You can visit the MIPS website to learn more about how MIPS is increasing protection against rotational movement injuries among cyclists.
To test its validity in the most likely crash-related scenarios, MIPS conducts numerous in-house tests on a daily basis to assess the validity of its current technology and identify areas that might need improvements. The company also sends MIPS-equipped helmets to third-party testers for comparison.
Halldin explains that while MIPS has conducted over 27,000 in-house tests to date, the results have also been validated through third-party testing. "One of the foremost research bodies for independent helmet testing is Virginia Tech, which evaluates a wide variety of makes and models of helmets, and their abilities to reduce linear acceleration and rotational motion in the event of an impact," he says. "Of the 86 helmets they have rated, 40 are equipped with MIPS, and out of the top 20, 17 are equipped with MIPS."
What Is the Best MIPS Helmet?
MIPS continues to expand in popularity and can now be found in virtually every type of cycling helmet. Some of the most popular MIPS helmets are road and commuter helmets, but you'll also find MIPS helmets for younger riders, mounting biking, and more.
In terms of appearance and functionality, MIPS adds a minimal amount of weight and volume to a helmet. According to MIPS, each layer weighs between 25 and 45 grams.
Ultimately, the best MIPS bike helmet should be the one that fits properly, feels comfortable as you ride, and works for your budget.
Several well-known bike helmet brands offer select MIPS helmets, but Nutcase, which manufactures stylish helmets for kids and adults, is the first bike helmet brand to fully incorporate MIPS into its lineup.

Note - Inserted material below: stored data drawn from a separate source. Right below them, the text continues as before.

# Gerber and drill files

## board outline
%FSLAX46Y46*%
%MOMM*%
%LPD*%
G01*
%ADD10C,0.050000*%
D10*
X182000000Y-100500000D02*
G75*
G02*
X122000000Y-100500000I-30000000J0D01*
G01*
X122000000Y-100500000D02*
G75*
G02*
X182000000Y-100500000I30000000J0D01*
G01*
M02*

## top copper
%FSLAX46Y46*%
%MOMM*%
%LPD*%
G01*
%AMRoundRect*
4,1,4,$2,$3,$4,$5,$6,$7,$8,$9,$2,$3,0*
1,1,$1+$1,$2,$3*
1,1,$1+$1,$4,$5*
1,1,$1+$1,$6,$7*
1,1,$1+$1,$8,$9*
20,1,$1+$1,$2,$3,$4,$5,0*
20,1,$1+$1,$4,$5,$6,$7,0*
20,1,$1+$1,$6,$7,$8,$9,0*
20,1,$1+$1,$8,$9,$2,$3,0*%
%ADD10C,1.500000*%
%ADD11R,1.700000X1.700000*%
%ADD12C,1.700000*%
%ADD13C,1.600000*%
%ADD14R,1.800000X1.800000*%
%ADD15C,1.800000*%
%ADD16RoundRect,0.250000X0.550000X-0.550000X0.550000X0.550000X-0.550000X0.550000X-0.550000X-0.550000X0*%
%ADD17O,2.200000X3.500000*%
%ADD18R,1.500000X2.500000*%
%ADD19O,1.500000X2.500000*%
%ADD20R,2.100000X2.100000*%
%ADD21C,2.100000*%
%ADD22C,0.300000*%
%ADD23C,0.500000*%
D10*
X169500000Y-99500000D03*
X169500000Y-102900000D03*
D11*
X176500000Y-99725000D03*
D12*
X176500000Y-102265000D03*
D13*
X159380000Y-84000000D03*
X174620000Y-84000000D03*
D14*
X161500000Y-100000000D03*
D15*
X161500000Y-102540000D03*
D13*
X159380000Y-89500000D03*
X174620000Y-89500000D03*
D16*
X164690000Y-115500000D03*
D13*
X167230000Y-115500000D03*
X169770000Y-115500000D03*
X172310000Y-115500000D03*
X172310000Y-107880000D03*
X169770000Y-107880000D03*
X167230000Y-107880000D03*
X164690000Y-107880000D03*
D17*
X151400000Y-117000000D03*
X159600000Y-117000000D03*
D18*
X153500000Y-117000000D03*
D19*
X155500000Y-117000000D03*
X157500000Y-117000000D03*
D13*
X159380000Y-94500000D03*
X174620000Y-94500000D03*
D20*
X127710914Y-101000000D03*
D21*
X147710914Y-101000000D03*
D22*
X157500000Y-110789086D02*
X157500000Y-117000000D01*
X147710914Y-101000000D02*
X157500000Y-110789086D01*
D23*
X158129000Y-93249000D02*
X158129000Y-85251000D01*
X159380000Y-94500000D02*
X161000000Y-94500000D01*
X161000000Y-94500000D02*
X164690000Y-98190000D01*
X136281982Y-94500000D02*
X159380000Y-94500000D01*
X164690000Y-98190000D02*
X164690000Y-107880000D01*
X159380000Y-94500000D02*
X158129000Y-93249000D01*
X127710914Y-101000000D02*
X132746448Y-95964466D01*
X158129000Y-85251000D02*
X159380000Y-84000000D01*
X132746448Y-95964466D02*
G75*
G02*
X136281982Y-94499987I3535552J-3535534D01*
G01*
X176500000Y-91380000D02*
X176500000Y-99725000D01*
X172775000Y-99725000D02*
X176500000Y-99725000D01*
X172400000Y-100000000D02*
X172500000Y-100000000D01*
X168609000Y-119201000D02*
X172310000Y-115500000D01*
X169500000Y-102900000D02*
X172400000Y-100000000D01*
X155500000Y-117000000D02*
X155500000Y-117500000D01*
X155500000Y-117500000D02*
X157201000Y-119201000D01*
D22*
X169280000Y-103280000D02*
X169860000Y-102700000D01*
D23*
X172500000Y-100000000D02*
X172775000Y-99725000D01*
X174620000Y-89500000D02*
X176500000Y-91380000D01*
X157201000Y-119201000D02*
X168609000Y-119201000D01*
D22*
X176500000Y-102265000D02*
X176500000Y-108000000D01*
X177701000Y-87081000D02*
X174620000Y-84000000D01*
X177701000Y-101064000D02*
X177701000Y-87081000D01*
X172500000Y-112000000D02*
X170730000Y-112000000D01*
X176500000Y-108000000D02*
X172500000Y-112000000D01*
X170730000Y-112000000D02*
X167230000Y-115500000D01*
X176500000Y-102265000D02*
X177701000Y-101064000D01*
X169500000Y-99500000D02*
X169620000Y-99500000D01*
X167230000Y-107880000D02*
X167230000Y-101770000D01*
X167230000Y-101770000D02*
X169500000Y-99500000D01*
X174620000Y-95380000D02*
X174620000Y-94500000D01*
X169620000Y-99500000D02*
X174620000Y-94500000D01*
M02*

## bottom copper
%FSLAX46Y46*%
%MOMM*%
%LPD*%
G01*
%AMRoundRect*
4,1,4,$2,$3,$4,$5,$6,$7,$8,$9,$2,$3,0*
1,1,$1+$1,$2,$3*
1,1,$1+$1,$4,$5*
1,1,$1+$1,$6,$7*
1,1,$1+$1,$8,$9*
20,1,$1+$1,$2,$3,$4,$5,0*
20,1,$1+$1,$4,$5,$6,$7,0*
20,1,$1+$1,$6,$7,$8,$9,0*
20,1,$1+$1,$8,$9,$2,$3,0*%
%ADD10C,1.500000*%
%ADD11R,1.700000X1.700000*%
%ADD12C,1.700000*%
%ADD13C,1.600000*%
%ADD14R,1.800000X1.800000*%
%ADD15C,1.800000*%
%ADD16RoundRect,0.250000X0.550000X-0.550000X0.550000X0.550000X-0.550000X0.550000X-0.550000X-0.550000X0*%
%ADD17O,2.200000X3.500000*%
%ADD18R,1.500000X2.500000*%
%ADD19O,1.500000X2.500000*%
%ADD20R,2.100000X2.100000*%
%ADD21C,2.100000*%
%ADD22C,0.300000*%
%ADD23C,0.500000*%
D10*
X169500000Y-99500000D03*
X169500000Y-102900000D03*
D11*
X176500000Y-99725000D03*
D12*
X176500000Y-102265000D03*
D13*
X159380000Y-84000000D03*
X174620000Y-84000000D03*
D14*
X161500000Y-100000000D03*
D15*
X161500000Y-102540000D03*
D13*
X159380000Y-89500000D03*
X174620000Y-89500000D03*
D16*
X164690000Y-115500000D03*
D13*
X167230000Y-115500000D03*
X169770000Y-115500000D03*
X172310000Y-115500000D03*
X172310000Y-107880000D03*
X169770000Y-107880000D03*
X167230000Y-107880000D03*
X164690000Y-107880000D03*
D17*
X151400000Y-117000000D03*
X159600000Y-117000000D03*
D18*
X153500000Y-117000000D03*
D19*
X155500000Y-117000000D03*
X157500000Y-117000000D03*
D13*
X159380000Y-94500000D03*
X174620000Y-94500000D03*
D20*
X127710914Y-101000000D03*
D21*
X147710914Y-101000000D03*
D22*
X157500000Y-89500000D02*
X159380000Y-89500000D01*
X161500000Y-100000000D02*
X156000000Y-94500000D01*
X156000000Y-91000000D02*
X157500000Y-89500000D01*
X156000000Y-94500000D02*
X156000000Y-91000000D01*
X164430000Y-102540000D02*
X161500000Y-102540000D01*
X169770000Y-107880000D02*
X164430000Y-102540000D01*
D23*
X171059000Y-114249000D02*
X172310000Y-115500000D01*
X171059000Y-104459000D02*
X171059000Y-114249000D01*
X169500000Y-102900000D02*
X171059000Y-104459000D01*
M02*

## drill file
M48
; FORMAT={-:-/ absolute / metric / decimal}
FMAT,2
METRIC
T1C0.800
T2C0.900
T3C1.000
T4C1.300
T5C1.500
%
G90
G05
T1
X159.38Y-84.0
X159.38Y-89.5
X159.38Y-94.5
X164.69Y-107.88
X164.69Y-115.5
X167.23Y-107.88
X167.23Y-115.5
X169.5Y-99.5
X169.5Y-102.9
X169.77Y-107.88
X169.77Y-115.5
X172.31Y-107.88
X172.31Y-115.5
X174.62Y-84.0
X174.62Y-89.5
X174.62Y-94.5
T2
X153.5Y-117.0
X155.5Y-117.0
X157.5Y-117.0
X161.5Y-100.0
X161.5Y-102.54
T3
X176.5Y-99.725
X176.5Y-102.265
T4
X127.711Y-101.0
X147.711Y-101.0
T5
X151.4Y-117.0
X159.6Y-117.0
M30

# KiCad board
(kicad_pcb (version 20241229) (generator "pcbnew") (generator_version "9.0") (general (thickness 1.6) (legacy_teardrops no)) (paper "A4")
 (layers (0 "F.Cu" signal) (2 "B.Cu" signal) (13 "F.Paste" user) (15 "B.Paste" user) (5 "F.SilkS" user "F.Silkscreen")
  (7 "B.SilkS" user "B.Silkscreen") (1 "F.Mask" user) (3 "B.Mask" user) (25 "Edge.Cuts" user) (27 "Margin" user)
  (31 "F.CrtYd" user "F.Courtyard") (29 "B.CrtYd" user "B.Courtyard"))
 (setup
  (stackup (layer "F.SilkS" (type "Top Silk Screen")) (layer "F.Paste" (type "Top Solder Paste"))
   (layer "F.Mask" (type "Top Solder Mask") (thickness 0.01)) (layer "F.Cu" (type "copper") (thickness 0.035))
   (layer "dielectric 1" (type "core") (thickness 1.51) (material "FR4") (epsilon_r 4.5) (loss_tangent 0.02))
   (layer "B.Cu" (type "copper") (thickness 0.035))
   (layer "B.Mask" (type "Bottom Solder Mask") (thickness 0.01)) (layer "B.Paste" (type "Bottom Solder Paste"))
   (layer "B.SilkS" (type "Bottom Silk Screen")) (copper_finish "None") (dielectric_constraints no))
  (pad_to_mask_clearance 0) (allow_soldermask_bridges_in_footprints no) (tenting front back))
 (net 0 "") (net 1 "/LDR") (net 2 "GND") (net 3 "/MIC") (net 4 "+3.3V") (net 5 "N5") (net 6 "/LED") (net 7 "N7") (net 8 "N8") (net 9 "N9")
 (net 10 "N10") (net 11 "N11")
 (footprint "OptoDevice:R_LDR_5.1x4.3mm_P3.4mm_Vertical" (layer "F.Cu") (at 169.5 99.5 -90)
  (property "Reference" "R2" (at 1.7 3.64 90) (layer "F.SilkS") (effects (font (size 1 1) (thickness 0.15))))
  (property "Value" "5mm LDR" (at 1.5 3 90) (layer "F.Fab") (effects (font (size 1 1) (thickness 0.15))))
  (pad "1" thru_hole circle (at 0 0 270) (size 1.5 1.5) (drill 0.8) (layers "*.Cu" "*.Mask") (remove_unused_layers no) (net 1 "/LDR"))
  (pad "2" thru_hole circle (at 3.4 0 270) (size 1.5 1.5) (drill 0.8) (layers "*.Cu" "*.Mask") (remove_unused_layers no) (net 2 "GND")))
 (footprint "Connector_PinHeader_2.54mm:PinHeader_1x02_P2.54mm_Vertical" (layer "F.Cu") (at 176.5 99.725)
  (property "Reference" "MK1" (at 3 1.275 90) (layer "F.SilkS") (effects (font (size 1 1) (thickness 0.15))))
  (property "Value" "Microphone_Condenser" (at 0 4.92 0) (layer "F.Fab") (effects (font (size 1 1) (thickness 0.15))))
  (pad "1" thru_hole rect (at 0 0) (size 1.7 1.7) (drill 1) (layers "*.Cu" "*.Mask") (remove_unused_layers no) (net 2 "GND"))
  (pad "2" thru_hole circle (at 0 2.54) (size 1.7 1.7) (drill 1) (layers "*.Cu" "*.Mask") (remove_unused_layers no) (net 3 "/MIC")))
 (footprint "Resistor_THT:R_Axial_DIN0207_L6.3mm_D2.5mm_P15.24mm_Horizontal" (layer "F.Cu") (at 159.38 84)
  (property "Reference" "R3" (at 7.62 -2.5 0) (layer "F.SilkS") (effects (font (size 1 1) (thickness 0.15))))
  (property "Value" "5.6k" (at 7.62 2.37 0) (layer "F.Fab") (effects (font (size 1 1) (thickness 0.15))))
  (pad "1" thru_hole circle (at 0 0) (size 1.6 1.6) (drill 0.8) (layers "*.Cu" "*.Mask") (remove_unused_layers no) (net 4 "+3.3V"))
  (pad "2" thru_hole circle (at 15.24 0) (size 1.6 1.6) (drill 0.8) (layers "*.Cu" "*.Mask") (remove_unused_layers no) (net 3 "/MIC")))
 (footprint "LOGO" (layer "F.Cu") (at 151.915435 78.764812)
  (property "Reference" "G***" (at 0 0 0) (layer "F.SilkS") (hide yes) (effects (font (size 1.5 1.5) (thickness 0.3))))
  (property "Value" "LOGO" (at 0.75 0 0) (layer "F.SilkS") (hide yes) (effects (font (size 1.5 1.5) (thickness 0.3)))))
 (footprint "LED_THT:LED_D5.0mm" (layer "F.Cu") (at 161.5 100 -90)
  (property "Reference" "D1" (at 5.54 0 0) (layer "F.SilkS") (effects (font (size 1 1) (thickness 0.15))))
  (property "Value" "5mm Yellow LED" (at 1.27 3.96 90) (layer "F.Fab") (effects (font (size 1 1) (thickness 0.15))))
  (pad "1" thru_hole rect (at 0 0 270) (size 1.8 1.8) (drill 0.9) (layers "*.Cu" "*.Mask") (remove_unused_layers no) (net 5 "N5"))
  (pad "2" thru_hole circle (at 2.54 0 270) (size 1.8 1.8) (drill 0.9) (layers "*.Cu" "*.Mask") (remove_unused_layers no) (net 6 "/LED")))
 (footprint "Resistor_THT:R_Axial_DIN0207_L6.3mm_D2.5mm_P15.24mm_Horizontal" (layer "F.Cu") (at 159.38 89.5)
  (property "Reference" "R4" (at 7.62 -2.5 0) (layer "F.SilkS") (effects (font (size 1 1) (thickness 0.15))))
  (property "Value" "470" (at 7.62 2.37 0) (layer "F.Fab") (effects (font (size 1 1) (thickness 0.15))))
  (pad "1" thru_hole circle (at 0 0) (size 1.6 1.6) (drill 0.8) (layers "*.Cu" "*.Mask") (remove_unused_layers no) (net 5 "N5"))
  (pad "2" thru_hole circle (at 15.24 0) (size 1.6 1.6) (drill 0.8) (layers "*.Cu" "*.Mask") (remove_unused_layers no) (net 2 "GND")))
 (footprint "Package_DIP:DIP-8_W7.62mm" (layer "F.Cu") (at 164.69 115.5 90)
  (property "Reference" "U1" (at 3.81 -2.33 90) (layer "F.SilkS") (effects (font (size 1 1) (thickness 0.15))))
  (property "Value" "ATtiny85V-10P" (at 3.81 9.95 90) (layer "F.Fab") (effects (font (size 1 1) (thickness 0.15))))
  (pad "1" thru_hole roundrect (at 0 0 90) (size 1.6 1.6) (drill 0.8) (layers "*.Cu" "*.Mask") (remove_unused_layers no)
   (roundrect_rratio 0.15625) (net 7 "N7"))
  (pad "2" thru_hole circle (at 0 2.54 90) (size 1.6 1.6) (drill 0.8) (layers "*.Cu" "*.Mask") (remove_unused_layers no) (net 3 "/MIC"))
  (pad "3" thru_hole circle (at 0 5.08 90) (size 1.6 1.6) (drill 0.8) (layers "*.Cu" "*.Mask") (remove_unused_layers no) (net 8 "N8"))
  (pad "4" thru_hole circle (at 0 7.62 90) (size 1.6 1.6) (drill 0.8) (layers "*.Cu" "*.Mask") (remove_unused_layers no) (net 2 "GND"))
  (pad "5" thru_hole circle (at 7.62 7.62 90) (size 1.6 1.6) (drill 0.8) (layers "*.Cu" "*.Mask") (remove_unused_layers no) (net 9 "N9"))
  (pad "6" thru_hole circle (at 7.62 5.08 90) (size 1.6 1.6) (drill 0.8) (layers "*.Cu" "*.Mask") (remove_unused_layers no) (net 6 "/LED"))
  (pad "7" thru_hole circle (at 7.62 2.54 90) (size 1.6 1.6) (drill 0.8) (layers "*.Cu" "*.Mask") (remove_unused_layers no) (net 1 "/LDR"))
  (pad "8" thru_hole circle (at 7.62 0 90) (size 1.6 1.6) (drill 0.8) (layers "*.Cu" "*.Mask") (remove_unused_layers no) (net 4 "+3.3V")))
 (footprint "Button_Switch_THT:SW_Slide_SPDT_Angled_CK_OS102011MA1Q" (layer "F.Cu") (at 153.5 117)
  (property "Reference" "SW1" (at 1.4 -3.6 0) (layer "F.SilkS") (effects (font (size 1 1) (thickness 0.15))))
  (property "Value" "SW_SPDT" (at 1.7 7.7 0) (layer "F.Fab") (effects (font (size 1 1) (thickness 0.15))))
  (pad "" thru_hole oval (at -2.1 0) (size 2.2 3.5) (drill 1.5) (layers "*.Cu" "*.Mask") (remove_unused_layers no))
  (pad "" thru_hole oval (at 6.1 0) (size 2.2 3.5) (drill 1.5) (layers "*.Cu" "*.Mask") (remove_unused_layers no))
  (pad "1" thru_hole rect (at 0 0) (size 1.5 2.5) (drill 0.9) (layers "*.Cu" "*.Mask") (remove_unused_layers no) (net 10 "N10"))
  (pad "2" thru_hole oval (at 2 0) (size 1.5 2.5) (drill 0.9) (layers "*.Cu" "*.Mask") (remove_unused_layers no) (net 2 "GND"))
  (pad "3" thru_hole oval (at 4 0) (size 1.5 2.5) (drill 0.9) (layers "*.Cu" "*.Mask") (remove_unused_layers no) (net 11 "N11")))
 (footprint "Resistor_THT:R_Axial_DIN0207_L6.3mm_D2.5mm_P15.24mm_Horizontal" (layer "F.Cu") (at 159.38 94.5)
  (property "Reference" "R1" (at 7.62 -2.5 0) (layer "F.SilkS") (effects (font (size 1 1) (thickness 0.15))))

Nutcase global brand director, Christopher Bohannon, explains that Nutcase is "nuts about safety" and has fully integrated MIPS into their helmet lineup "to get as many people as possible in MIPS-equipped helmets."
Is Wavecel Better than Mips?
Sam Foos, Marketing Manager at Trek Bicycle, explained to us precisely what makes WaveCel so unique.
"Bontrager helmets with MIPS have a low-friction layer between the shell and liner. The MIPS Brain Protection System is designed to allow your head to move within the helmet, which can redirect harmful rotational energy during certain angled impacts." However, he says, "WaveCel goes one step further by absorbing rotational energy. WaveCel accounts for how most cycling accidents actually happen: ungracefully, with twists, turns, and angled impacts."
WaveCel also looks and acts a bit differently than MIPS. Unlike MIPS, which is a low friction layer that enables a sliding motion of 10 to 15mm in every direction, Bontrager's WaveCel "...works like a crumple zone that helps absorb the force of impact before it reaches your head. In order to protect your head and absorb the energy created by an angled impact, WaveCel is designed to go through a three-step change in material structure: flex, crumple, and glide," Foos explains.
Take a look at the helmets side-by-side and you might notice that it's harder to spot the MIPS layer inside a helmet. Most of these helmets have yellow MIPS stickers on the outside to indicate which models have the technology. It's much easier to spot WaveCel inside of your favorite cycling helmet.
While MIPS performs its own in-house testing to verify its safety and effectiveness, Trek uses an outside facility. Foos explains, "All adult WaveCel helmets received the highest rating from Virginia Tech's third-party testing facility. This unbiased assessment places Bontrager's WaveCel helmets amongst the highest level of protection available to cyclists with a 5-STAR rating."